Most authorities estimate that greater than 50% of children in the US have already been infected with COVID. That equates to around 14M kids. Of that, there have been 94 deaths, with about 2/3rds of those being children with significant other medical issues, and most of the deaths occurring before the availability of the very successful medical treatments. Additionally, there have been 562 children hospitalized with COVID. Many of those have occurred in the Delta era, but the great bulk of these have also occurred in children with significant medical issues.

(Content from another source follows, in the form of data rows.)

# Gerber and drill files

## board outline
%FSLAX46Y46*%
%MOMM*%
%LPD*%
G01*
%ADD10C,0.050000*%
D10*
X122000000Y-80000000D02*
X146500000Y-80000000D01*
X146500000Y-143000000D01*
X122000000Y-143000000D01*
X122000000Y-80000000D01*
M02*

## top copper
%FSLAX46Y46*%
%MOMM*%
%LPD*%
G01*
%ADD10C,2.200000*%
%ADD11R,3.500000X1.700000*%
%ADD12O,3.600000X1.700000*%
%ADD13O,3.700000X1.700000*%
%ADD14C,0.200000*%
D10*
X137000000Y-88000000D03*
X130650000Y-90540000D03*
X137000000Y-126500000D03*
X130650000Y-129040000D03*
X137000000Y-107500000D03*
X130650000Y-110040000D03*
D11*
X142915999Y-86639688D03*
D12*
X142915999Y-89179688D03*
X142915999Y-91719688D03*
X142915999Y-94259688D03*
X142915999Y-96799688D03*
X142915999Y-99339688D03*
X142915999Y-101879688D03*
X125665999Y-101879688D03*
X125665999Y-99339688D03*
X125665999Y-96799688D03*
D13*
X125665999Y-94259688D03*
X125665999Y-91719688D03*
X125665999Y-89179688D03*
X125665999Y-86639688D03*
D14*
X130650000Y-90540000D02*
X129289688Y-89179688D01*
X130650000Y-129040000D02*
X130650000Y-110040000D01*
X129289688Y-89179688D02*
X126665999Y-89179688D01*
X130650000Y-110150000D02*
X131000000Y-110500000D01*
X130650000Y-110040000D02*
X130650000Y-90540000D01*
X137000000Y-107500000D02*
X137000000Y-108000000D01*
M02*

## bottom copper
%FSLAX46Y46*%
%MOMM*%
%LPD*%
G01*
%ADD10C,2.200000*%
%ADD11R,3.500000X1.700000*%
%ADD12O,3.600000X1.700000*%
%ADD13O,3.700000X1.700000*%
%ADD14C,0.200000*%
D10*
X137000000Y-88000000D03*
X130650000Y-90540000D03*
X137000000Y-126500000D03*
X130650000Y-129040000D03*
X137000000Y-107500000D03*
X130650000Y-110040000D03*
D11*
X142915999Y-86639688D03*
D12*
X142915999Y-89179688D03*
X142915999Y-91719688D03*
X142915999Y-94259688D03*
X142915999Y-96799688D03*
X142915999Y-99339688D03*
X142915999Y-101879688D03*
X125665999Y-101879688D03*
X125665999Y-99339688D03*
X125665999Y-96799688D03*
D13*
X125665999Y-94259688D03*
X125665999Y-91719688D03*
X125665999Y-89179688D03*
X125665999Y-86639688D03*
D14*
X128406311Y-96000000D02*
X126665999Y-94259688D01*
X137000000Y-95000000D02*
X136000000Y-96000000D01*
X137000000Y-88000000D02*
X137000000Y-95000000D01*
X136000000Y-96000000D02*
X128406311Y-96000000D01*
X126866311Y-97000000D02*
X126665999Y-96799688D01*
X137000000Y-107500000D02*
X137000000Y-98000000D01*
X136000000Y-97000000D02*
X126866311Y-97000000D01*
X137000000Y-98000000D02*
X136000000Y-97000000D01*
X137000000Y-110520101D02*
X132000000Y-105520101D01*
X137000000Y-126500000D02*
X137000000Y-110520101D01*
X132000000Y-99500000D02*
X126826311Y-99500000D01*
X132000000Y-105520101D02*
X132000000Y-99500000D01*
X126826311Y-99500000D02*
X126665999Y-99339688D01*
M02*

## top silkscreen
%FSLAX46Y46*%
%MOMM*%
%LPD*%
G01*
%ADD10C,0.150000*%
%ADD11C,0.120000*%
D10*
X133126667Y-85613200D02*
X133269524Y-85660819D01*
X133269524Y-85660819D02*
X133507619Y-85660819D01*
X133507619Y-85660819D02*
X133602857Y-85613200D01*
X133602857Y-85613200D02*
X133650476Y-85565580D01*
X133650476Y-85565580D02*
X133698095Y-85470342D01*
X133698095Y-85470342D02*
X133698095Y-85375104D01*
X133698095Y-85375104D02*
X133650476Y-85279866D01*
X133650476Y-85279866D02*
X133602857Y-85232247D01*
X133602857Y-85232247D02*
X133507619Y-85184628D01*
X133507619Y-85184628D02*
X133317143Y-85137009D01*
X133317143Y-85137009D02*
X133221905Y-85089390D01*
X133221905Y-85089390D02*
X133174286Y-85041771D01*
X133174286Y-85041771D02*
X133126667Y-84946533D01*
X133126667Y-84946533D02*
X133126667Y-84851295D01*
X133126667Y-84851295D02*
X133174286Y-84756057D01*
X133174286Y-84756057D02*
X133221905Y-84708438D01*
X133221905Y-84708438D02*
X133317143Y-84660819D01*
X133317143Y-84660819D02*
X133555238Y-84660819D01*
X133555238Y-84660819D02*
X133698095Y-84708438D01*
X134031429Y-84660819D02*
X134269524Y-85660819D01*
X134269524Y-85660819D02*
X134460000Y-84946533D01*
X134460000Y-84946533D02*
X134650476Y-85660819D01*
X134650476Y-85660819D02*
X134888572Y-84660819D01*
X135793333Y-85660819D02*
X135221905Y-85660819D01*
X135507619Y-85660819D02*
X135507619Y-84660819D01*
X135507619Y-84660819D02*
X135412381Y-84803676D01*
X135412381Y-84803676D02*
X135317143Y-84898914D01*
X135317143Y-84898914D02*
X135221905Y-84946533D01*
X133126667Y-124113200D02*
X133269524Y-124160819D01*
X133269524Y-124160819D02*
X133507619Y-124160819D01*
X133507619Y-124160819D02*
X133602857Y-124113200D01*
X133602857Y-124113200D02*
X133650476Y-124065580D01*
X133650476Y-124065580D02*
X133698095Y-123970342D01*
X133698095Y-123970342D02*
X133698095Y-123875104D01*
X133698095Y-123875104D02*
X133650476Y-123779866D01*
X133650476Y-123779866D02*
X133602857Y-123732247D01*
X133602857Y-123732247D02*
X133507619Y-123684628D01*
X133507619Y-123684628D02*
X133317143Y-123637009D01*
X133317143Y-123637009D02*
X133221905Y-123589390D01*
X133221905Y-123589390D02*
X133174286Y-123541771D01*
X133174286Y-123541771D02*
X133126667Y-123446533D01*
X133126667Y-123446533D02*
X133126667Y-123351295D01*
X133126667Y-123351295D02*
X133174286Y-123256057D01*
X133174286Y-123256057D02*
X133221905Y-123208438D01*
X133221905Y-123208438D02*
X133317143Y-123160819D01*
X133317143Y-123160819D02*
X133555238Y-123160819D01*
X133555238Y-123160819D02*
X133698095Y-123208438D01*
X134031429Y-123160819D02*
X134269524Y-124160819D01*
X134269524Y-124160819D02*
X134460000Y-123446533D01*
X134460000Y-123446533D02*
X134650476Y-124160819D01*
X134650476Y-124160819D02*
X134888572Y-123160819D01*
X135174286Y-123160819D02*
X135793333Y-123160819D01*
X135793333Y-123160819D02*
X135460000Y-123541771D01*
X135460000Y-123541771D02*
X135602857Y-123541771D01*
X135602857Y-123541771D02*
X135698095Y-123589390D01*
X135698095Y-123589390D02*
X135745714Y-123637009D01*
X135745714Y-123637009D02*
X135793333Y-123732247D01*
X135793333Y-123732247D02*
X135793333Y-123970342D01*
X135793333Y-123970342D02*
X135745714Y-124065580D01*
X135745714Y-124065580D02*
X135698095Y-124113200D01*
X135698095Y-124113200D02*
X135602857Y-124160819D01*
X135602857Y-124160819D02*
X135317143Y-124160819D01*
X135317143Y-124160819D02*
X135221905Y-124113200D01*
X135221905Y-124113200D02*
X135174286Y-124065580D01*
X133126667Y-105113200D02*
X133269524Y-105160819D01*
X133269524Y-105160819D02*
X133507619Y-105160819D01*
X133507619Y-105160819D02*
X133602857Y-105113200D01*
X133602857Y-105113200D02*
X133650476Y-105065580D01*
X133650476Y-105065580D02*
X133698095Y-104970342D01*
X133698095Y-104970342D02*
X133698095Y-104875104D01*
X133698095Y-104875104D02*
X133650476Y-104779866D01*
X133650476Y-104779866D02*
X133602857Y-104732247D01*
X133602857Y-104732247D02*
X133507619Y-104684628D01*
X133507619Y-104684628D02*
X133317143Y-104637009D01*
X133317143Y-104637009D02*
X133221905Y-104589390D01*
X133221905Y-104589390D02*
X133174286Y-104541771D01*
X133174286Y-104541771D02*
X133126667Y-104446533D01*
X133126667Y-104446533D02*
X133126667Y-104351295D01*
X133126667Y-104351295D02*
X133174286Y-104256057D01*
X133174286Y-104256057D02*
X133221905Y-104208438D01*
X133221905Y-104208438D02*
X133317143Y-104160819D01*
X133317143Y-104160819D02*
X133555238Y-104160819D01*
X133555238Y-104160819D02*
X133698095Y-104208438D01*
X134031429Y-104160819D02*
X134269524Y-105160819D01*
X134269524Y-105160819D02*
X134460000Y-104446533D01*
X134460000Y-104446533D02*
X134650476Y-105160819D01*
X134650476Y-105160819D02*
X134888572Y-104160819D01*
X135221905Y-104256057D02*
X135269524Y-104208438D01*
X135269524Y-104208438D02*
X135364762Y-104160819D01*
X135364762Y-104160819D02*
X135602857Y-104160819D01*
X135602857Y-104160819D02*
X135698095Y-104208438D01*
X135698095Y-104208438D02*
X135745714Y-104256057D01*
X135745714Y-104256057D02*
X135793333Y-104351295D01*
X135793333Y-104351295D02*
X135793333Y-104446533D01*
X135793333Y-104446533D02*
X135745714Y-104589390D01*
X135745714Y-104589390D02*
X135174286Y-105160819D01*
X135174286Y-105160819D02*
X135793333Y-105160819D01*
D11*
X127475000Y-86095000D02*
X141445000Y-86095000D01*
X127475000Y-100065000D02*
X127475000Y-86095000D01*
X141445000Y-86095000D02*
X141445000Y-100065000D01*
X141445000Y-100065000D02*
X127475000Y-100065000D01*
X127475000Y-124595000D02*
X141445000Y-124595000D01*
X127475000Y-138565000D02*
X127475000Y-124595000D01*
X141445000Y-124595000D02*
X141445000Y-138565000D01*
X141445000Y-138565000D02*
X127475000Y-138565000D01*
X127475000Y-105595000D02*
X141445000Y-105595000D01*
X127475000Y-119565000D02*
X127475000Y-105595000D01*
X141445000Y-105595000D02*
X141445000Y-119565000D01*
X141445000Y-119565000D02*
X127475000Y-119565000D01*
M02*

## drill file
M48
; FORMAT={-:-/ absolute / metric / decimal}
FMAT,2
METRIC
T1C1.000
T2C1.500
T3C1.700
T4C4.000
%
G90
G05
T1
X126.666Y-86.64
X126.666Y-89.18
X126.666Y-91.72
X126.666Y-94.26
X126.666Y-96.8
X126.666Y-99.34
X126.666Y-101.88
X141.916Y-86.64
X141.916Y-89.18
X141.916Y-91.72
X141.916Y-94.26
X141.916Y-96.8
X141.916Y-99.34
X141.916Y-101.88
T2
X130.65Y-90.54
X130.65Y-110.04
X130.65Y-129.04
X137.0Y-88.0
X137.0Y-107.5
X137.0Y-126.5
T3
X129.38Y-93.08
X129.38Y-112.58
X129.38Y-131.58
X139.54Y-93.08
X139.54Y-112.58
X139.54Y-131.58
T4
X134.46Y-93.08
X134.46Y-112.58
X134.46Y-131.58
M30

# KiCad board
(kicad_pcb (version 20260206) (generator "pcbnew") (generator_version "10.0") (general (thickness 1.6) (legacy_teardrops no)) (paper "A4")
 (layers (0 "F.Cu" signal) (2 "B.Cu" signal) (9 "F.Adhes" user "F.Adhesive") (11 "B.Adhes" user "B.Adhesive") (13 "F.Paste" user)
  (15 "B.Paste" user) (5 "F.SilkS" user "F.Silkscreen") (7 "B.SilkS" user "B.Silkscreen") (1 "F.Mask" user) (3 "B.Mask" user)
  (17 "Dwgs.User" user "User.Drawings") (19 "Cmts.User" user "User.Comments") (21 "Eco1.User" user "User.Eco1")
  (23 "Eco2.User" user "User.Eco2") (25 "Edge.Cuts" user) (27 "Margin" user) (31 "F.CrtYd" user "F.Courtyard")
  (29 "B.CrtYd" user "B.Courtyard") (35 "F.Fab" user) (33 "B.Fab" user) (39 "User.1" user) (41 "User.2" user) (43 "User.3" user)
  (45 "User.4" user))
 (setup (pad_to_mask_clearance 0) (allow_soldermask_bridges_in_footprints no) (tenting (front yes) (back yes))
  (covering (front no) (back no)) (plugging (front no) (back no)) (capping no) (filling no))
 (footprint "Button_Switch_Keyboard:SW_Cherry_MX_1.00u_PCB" (layer "F.Cu") (at 137 88)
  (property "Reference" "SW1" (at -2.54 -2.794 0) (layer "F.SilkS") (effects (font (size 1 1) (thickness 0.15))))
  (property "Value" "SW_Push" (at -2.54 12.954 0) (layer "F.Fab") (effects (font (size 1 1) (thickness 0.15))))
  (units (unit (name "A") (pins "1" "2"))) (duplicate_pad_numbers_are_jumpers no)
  (fp_line (start -9.525 -1.905) (end 4.445 -1.905) (stroke (width 0.12) (type solid)) (layer "F.SilkS"))
  (fp_line (start -9.525 12.065) (end -9.525 -1.905) (stroke (width 0.12) (type solid)) (layer "F.SilkS"))
  (fp_line (start 4.445 -1.905) (end 4.445 12.065) (stroke (width 0.12) (type solid)) (layer "F.SilkS"))
  (fp_line (start 4.445 12.065) (end -9.525 12.065) (stroke (width 0.12) (type solid)) (layer "F.SilkS"))
  (pad "" np_thru_hole circle (at -7.62 5.08) (size 1.7 1.7) (drill 1.7) (layers "*.Cu" "*.Mask"))
  (pad "" np_thru_hole circle (at -2.54 5.08) (size 4 4) (drill 4) (layers "*.Cu" "*.Mask"))
  (pad "" np_thru_hole circle (at 2.54 5.08) (size 1.7 1.7) (drill 1.7) (layers "*.Cu" "*.Mask"))
  (pad "1" thru_hole circle (at 0 0) (size 2.2 2.2) (drill 1.5) (layers "*.Cu" "*.Mask") (remove_unused_layers no)
   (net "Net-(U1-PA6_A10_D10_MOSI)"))
  (pad "2" thru_hole circle (at -6.35 2.54) (size 2.2 2.2) (drill 1.5) (layers "*.Cu" "*.Mask") (remove_unused_layers no) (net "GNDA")))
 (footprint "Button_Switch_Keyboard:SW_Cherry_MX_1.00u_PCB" (layer "F.Cu") (at 137 126.5)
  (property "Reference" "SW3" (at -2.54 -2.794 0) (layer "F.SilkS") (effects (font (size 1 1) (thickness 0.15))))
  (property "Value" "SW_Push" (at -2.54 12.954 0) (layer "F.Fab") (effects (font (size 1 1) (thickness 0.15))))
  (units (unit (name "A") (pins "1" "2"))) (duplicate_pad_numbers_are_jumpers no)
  (fp_line (start -9.525 -1.905) (end 4.445 -1.905) (stroke (width 0.12) (type solid)) (layer "F.SilkS"))
  (fp_line (start -9.525 12.065) (end -9.525 -1.905) (stroke (width 0.12) (type solid)) (layer "F.SilkS"))
  (fp_line (start 4.445 -1.905) (end 4.445 12.065) (stroke (width 0.12) (type solid)) (layer "F.SilkS"))
  (fp_line (start 4.445 12.065) (end -9.525 12.065) (stroke (width 0.12) (type solid)) (layer "F.SilkS"))
  (pad "" np_thru_hole circle (at -7.62 5.08) (size 1.7 1.7) (drill 1.7) (layers "*.Cu" "*.Mask"))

On the vaccination side, while the “top line” adverse event rate for the Pfizer vaccine for these younger children is just over 10%, none of these events in the study population of 2176 kids were considered serious, with most being things like sore arms or transient fevers (which did occur in 6.5%, mostly after the second dose). Importantly, we do not have any data on whether side effects were more common in children who did have evidence of prior infection, which would be very useful to know. In any event, the data does support the short-term safety of the vaccine in younger children, although 2176 kids is not a big population for detecting uncommon side effects, such as myocarditis as is seen in older children. Additionally, we have little data on long-term effects such as auto-immune problems. We do know that there are rare auto-immune issues that develop in adults, but children are different, and typically, before a major vaccine program, children in test populations are followed for a couple of years before the approval of a vaccine. That does not mean there are any significant issues expected or even postulated, but there are a significant number of medical scientists who raise questions not based on what we know but what we don’t know. The post-vaccine monitoring program for children is very robust and many parents may choose to wait for data to come in from this robust monitoring, but if travel or school and activity restrictions are having significant impacts on children, parents should be able to go ahead with vaccinating their kids knowing that any short-term side effects are either minimal or extremely rare and there is nothing specific that raises concerns of long-term effects.
Natural vs. Vaccine Immunity
Lastly this week, we will try to clear up a little confusion on the effectiveness of natural immunity versus vaccine-induced immunity. The official position of the CDC is that in regard to studies of immunity following natural infection, “There are insufficient data to extend the findings related to infection-induced immunity at this time to persons with very mild or asymptomatic infection or children.” This typically gets characterized in media as vaccine immunity is better than natural immunity, where what it is really saying is that CDC doesn’t know, especially for “minor infections” and we can’t really quantify what is minor. Consequently, the CDC is essentially saying that since vaccine-induced immunity is fairly standardized, we can make assumptions that we cannot make with natural immunity.
At the same time, however, there is an excellent study out of Israel that demonstrated that natural immunity compares very favorably to vaccine immunity and most often is better. Additionally, the combination of infection plus even one dose of vaccination was even more powerful in reducing risk. This study does not support not getting vaccinated and instead of getting infected, but it does speak to the issue of whether infection should be considered a vaccination equivalent. The issue remains what to do with “mild infections,” but that’s where clinical judgment comes into play.
How this is going to play out with various types of mandates remains to be seen, but in the absence of a specific vaccine requirement, in anyone who had a clear and non-trivial infection experience, we tend to consider infection to at least be the equivalent of a dose of a vaccine.